I don't know if we'd be called close friends, but we were GOOD friends.
I am far from the only person feeling this loss. You'd have to have known her to understand. She was just...light in the darkness. No matter how low she got, she would always fight her way back to the light. She'd often credit her friends for her success, but so much of it was just her. She had this grin that just sucked you in, a mischievous spirit that just made you want to cause trouble with her, a joie de vivre that was just captivating. Knowing she was in the world made it a better place.
I feel like I should be more like her now. I mean, in some ways we were a lot alike, that's why we got along.

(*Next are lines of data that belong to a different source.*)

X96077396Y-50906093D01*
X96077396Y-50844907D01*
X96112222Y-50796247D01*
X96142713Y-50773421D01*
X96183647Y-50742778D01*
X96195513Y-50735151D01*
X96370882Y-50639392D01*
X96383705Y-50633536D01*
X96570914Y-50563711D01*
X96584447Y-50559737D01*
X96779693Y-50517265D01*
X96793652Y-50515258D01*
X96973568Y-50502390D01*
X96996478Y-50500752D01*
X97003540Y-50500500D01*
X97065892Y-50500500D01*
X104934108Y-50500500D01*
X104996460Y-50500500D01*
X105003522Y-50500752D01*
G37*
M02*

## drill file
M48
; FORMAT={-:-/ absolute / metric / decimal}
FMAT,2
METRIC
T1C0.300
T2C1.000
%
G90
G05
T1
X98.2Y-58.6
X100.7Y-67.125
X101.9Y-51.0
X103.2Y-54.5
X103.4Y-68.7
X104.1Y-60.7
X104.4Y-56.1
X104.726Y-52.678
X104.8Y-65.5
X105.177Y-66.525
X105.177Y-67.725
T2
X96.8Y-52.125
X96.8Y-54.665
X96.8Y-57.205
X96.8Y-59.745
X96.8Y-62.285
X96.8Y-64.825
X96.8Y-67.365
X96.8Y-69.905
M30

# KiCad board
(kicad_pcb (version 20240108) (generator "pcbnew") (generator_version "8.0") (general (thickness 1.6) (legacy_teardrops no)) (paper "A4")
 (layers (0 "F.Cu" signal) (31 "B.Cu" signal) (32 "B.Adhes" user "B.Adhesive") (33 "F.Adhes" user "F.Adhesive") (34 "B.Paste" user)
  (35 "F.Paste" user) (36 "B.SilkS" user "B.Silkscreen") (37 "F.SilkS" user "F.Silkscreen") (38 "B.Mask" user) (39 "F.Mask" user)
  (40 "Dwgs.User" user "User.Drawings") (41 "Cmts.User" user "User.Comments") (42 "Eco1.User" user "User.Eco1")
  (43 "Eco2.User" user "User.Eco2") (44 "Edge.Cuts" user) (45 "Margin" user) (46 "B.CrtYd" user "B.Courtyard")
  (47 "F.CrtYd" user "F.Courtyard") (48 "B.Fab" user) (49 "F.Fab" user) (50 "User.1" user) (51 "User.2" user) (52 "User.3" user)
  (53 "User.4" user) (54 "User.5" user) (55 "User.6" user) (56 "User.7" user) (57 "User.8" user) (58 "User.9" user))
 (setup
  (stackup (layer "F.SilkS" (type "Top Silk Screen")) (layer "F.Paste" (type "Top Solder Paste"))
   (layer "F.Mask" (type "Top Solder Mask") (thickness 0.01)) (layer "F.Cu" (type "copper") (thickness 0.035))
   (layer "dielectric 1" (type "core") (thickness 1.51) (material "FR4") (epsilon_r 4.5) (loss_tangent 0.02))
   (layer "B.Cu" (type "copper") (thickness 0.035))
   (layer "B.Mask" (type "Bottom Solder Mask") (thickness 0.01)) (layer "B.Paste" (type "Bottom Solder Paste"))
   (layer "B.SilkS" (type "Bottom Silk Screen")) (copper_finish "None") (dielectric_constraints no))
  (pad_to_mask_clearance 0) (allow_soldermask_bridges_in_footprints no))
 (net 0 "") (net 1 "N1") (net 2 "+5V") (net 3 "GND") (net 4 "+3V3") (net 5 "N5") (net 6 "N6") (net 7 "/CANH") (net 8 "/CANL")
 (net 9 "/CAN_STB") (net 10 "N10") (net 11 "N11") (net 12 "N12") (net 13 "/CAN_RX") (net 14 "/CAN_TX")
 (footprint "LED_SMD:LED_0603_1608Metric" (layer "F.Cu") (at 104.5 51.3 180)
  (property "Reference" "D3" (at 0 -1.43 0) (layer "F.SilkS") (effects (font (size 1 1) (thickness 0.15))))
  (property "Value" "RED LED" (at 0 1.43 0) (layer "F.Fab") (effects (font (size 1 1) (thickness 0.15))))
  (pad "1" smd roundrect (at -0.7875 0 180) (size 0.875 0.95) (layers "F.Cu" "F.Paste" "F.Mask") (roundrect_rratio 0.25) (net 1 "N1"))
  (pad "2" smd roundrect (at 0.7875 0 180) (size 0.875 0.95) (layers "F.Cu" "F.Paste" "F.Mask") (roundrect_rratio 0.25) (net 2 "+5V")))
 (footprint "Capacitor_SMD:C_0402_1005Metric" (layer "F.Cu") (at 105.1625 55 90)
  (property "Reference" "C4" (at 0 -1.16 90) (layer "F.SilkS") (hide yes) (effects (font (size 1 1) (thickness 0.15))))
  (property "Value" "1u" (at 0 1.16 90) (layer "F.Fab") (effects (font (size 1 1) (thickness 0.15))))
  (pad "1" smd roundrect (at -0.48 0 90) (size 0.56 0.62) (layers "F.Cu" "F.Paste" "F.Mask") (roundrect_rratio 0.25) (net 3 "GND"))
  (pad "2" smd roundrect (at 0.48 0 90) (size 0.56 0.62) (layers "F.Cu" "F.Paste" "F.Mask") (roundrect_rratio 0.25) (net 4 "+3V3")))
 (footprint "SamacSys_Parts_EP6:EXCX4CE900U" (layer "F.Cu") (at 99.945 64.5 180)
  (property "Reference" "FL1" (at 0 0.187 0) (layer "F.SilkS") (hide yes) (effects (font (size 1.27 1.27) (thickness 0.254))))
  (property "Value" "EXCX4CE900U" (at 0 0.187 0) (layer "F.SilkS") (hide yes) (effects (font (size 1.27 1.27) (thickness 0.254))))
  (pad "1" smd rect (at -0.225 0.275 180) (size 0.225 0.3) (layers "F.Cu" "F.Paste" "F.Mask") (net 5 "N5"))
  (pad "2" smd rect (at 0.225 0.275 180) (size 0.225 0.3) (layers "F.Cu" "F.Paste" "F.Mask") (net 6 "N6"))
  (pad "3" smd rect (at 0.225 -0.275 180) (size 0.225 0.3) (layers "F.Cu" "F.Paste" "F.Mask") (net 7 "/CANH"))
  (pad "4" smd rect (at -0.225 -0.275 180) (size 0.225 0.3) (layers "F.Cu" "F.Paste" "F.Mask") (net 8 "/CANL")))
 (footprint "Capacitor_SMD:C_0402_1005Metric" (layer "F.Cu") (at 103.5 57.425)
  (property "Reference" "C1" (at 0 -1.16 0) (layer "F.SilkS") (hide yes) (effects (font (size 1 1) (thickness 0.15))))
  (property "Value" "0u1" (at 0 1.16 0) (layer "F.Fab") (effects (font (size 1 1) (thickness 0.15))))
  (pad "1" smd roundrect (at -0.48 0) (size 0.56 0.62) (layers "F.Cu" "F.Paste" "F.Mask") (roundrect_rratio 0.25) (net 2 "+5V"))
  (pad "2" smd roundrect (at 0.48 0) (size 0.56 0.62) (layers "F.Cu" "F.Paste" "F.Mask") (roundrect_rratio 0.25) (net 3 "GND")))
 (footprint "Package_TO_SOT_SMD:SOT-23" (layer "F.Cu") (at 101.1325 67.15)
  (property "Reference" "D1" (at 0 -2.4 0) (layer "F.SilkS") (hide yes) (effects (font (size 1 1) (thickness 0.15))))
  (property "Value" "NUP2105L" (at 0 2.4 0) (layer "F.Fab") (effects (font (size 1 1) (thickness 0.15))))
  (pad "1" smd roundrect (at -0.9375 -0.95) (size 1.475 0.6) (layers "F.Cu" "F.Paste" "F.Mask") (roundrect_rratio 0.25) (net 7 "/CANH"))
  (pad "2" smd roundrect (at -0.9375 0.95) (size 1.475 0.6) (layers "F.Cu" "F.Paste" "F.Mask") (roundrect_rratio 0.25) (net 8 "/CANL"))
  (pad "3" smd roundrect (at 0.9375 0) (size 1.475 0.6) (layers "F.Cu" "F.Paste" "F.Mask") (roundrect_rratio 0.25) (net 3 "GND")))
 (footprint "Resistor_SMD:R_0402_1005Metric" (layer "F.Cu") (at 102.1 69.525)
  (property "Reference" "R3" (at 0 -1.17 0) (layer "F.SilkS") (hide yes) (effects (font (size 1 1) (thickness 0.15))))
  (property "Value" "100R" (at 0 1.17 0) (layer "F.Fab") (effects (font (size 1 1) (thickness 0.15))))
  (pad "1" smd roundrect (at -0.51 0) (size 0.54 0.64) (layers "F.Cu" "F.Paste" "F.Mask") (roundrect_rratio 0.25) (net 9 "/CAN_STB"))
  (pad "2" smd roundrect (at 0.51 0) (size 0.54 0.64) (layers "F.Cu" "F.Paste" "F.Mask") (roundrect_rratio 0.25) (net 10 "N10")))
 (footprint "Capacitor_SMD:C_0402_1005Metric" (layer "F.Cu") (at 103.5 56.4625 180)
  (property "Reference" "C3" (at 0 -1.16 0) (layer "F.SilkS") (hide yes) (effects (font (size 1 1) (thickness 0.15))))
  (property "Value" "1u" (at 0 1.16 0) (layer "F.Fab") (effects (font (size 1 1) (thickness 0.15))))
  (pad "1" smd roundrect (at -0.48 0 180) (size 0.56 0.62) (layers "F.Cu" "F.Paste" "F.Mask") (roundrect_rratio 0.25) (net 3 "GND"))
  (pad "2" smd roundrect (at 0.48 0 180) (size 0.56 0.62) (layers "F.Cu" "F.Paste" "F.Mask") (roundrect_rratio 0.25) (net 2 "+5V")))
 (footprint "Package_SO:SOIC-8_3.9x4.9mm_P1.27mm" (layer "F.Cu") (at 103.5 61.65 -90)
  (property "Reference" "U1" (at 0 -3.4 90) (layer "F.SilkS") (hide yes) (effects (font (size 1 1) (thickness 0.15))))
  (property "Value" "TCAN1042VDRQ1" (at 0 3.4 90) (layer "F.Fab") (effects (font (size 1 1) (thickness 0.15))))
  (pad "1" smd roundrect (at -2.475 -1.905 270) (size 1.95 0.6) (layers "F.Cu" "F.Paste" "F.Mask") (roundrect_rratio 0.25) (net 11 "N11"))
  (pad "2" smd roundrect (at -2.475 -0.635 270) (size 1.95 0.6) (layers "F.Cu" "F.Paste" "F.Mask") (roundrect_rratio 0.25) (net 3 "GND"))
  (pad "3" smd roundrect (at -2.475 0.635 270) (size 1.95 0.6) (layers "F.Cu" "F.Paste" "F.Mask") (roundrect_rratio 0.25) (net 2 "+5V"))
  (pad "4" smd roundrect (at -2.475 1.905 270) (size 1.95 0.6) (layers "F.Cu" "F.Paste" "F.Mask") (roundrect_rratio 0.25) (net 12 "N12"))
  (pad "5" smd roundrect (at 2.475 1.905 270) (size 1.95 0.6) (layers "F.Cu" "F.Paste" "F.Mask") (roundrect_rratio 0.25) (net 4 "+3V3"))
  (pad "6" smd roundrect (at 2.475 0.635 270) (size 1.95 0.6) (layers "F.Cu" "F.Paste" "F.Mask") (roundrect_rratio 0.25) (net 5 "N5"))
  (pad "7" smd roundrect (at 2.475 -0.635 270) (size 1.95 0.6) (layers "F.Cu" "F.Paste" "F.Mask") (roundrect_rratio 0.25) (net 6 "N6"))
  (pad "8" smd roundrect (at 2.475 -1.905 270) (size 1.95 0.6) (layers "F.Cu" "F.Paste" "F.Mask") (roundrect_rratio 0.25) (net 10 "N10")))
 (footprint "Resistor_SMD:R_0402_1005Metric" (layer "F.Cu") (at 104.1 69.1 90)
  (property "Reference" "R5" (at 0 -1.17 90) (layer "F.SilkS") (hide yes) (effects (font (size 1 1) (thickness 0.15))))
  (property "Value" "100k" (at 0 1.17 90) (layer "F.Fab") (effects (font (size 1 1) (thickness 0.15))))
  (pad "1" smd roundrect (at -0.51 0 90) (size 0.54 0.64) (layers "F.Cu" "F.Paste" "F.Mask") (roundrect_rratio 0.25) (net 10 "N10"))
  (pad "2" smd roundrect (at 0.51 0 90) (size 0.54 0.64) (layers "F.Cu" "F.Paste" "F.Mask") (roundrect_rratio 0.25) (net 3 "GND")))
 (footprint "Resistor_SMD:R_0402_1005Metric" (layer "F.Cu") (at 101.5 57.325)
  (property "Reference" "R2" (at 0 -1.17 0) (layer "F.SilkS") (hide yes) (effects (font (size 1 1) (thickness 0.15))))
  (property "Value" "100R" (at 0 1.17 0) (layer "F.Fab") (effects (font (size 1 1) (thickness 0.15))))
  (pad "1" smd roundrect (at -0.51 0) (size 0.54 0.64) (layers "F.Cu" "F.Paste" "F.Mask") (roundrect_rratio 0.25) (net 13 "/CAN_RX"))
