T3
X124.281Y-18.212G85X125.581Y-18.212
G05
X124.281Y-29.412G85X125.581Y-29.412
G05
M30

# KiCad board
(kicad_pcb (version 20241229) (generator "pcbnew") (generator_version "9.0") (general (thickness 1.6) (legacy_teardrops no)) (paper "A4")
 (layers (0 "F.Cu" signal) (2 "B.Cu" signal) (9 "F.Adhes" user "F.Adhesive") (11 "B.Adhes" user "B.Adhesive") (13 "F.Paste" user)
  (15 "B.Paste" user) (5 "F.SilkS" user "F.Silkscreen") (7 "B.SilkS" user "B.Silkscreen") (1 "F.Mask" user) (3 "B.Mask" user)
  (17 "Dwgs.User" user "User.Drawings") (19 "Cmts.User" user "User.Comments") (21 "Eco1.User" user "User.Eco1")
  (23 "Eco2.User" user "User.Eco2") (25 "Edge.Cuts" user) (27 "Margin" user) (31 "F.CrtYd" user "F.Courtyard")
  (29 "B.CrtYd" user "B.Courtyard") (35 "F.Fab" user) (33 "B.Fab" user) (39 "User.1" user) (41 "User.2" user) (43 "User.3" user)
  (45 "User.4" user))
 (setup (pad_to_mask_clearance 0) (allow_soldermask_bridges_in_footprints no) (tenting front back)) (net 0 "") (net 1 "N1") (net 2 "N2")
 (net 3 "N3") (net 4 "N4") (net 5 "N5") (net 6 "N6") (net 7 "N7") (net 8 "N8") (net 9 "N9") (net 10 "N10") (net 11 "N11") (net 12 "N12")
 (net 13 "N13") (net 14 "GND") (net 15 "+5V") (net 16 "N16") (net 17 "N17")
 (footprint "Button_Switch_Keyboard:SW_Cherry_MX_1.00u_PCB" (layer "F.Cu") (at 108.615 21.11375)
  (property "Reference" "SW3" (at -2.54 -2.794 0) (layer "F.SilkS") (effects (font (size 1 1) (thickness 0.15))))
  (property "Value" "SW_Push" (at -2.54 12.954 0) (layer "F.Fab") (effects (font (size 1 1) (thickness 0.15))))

But...I lack her willingness to take chances on people romantically. I lack her ability to accept that kind of love. It scares me. It would take a whole lot of therapy to get me even halfway there. So I guess that's motivation. I can never be her, but I can embrace and accept more fully the things that we shared. I can learn to be more confident by remembering her delight in herself. Perhaps I can follow her example in health. I can use her as the impetus to FOCUS more on getting fit. I don't know. I just feel like...I just feel like I want to do something to make her presence remain.

Friday, August 2, 2013

Pondering crazy

My crazy swells and falls, waxes and wanes. It's a constant part of my thoughts, mind, soul, identity. It's an integral part of how I interact with the world around me, for both good and ill. My crazy allows me to experience life in a unique fashion that only my fellow crazies can hope to comprehend. But even my fellow crazies cannot fully understand what it means to me. The ecstasy of being is incomprehensible, unknowable, infinite, awe inspiring, beyond words, beyond thought, beyond reason, even were we able to exchange thoughts I would not be able to fully convey it. Because it just...is. Every moment of my life, every breath, it is all...imperfect perfection. It's not easy, it is in fact very hard (that's what she said). But how would I trade it for a stunted way of living? For that's what normality would be for me, barren. I've only ever lived in this state of bizarrity, of otherness, if I were to suddenly be sane my world would be empty. The universes inside my mind create a pleasing border that encompasses the world around me. Others hear me speak of snippets of experience, and perhaps it's bad, unsettling, panic inducing at the time, but when they express sympathy...When they express sympathy I have to admit that, in my heart of hearts, the depths of my mind, all that goes through it is "You feel sorry for me? Oh, sweetie, you don't know what life is until you've embraced it fully because you don't know what the next moment may bring!" Yes, sometimes my brain thinks it's being chased by zombies, or serial killers, or evil of one stripe or another. And yes, that can be frightening. Extremely. But in the midst of those moments I can laugh at the insanity of my own brain, and when the crazy passes I take a breath of the most invigorating air, figurative or otherwise, that can be experienced. Adrenaline junkies might have a chance of understanding me, or poets who glimpse the divine. But all I can tell you is that even in the midst of panic, anxiety, depression, I know that my moment of bliss is coming. I know that I will wake up one morning, blink, and realize that the bad has subsided and I will breathe deeply, freely, joyfully...and I will live so completely in that moment that I will experience heaven.
Never pity me, even though I often pity you.